Today, the domestic steel market inertia “Monday” cautiously waits for the market, a slight concussion, but still weak is the main theme. From a subspecies perspective, the long product still struggles upwards, but trading remains the biggest obstacle, with upward momentum often caught in the bud. The plate has long recognized that doing resistance is a futile task, especially since cold-rolled coils are prone to show Pudie tendency, so pipe seamless pipes are still a dilemma that tangles and pipes are easy to splatter.
At the same time, the billet rose after last week’s shock, rising to 3310. The current steel market is, like the current northern weather, cloudy haze, less clear trends, more difficult business operations, less price fixing, and higher shipments. The slow consumption of social and steel stocks to confirm the release of the terminal is still insufficient, especially in the southern market, where the bearing pressure is greater than in the northern region, and the synchronicity of price action is weakening.

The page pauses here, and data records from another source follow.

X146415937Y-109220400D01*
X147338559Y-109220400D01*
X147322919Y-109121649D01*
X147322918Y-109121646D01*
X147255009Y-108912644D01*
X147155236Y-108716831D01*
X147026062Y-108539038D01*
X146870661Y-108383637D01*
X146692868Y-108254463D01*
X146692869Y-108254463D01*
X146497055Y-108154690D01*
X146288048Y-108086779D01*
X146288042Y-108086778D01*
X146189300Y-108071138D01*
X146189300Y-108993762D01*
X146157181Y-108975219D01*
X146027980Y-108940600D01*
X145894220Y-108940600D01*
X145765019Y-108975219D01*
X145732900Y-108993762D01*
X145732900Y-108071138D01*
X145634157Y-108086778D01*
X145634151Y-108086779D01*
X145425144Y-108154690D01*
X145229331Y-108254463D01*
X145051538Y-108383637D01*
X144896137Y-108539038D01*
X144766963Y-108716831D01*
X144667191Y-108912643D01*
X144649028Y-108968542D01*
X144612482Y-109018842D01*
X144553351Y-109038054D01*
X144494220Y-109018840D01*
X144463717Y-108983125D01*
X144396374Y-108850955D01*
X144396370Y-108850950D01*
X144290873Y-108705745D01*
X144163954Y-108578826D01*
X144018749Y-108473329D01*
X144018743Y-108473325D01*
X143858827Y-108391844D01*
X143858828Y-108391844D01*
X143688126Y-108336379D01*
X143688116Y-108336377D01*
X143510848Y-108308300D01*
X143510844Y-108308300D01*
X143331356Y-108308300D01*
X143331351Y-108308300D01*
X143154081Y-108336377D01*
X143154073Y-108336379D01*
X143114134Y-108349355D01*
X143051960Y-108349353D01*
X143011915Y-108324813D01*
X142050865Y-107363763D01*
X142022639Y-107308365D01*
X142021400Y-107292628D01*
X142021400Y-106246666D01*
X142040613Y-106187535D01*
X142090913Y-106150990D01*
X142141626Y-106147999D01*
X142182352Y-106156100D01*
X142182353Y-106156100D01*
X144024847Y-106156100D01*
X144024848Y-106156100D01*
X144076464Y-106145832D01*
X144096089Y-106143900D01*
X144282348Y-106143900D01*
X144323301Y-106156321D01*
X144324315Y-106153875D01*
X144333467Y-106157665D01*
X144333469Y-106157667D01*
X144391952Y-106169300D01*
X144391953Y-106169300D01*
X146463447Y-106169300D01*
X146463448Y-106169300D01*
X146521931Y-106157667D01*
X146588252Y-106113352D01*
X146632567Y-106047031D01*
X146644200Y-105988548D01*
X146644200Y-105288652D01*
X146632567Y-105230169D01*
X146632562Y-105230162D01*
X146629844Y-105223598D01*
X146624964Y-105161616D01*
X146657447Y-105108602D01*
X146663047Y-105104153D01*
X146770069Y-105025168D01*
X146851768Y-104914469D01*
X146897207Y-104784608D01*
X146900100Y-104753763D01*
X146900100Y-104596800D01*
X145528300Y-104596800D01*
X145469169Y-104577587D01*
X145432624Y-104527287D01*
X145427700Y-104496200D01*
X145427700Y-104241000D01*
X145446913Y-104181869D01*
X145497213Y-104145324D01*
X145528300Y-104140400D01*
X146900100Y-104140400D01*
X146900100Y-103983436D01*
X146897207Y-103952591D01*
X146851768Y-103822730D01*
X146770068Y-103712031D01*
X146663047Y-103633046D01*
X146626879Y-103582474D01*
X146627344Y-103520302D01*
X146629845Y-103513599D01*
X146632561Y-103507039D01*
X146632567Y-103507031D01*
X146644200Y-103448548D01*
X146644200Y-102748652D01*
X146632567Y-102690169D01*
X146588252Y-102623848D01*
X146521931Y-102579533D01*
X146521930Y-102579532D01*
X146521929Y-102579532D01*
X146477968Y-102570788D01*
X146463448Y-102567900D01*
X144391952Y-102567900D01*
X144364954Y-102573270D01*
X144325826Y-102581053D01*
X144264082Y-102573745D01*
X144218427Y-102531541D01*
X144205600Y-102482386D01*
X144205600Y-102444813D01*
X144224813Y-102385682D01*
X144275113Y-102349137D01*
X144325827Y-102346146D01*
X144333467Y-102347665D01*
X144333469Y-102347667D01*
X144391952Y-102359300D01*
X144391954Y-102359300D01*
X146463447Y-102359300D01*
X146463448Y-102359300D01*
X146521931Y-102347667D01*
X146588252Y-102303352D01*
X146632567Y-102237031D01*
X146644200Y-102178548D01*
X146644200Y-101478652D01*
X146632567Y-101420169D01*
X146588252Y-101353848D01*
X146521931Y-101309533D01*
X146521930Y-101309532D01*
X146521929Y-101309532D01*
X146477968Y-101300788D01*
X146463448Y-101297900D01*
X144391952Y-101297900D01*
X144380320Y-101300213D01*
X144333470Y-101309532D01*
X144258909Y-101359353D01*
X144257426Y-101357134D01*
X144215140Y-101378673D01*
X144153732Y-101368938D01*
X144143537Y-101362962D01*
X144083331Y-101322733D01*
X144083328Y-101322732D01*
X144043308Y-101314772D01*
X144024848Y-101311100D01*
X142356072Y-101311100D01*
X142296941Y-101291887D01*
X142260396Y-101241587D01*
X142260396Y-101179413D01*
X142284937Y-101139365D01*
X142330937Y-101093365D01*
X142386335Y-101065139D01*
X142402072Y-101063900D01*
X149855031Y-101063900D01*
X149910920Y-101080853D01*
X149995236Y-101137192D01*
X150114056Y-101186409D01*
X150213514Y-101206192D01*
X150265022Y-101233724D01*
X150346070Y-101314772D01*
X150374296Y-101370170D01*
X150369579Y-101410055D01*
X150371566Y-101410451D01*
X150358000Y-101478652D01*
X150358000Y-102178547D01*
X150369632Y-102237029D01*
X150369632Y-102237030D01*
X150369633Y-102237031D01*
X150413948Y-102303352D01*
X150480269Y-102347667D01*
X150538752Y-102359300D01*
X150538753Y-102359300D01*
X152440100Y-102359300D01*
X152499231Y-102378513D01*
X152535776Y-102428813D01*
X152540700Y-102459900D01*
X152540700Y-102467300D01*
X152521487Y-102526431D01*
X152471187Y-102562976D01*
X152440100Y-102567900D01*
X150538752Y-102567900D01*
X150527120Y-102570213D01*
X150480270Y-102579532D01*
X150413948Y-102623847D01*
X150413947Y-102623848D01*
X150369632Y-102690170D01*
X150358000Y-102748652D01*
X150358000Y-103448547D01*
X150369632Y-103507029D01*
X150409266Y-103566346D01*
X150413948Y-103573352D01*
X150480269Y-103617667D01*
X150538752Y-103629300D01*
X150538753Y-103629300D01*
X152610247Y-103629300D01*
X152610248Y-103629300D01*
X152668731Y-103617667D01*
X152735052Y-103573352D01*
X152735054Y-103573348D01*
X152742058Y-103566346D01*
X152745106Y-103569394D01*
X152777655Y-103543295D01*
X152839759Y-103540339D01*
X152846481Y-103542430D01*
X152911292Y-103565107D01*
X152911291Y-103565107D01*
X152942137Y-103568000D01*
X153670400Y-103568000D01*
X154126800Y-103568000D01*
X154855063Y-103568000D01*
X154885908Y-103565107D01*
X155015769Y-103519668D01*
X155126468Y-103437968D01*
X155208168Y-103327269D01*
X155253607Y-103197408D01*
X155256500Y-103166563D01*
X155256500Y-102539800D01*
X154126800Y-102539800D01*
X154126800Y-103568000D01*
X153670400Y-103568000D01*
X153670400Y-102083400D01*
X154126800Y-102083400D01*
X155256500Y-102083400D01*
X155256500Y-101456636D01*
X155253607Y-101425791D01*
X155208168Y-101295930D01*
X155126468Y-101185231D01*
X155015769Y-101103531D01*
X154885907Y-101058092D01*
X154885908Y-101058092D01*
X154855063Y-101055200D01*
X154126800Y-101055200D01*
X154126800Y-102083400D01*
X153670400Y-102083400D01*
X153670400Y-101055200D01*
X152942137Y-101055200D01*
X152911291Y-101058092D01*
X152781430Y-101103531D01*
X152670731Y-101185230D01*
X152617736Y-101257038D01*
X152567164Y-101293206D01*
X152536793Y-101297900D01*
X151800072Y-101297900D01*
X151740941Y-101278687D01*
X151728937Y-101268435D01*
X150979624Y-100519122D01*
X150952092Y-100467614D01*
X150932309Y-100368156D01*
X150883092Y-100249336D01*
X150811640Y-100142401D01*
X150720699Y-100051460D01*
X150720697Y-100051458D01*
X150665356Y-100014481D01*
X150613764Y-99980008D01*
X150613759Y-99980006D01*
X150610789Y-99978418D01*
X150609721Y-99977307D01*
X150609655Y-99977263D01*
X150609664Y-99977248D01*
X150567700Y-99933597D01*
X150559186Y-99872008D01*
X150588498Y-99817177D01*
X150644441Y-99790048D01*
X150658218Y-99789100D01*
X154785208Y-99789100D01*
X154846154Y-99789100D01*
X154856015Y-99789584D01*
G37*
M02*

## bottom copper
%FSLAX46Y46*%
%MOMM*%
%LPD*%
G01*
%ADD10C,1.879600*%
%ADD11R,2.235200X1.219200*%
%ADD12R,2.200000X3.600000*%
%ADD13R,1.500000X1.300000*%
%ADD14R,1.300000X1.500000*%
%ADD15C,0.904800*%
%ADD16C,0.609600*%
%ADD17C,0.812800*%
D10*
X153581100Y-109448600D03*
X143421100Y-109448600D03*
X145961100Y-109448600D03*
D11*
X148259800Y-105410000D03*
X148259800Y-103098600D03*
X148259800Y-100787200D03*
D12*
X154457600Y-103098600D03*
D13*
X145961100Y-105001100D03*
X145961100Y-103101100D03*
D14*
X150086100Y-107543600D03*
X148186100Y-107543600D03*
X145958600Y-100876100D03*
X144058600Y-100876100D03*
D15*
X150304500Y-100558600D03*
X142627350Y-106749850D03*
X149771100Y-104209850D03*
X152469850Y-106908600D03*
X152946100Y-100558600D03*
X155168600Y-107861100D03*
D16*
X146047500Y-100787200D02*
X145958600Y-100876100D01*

But the domestic steel market will have to look for a new stronghold to break through this temperature thorny situation, not a fire, as the market fell without worrying about steel prices. One still comes from “Iron Nation”. With the National Development and Reform Commission determining the target date, “Rand Steel” has left the final withdrawal history in the past 100 days. In a political mission, the local government continues to speed up the completion of the steel mill “raid” under the premise that the rest of the day must be completed.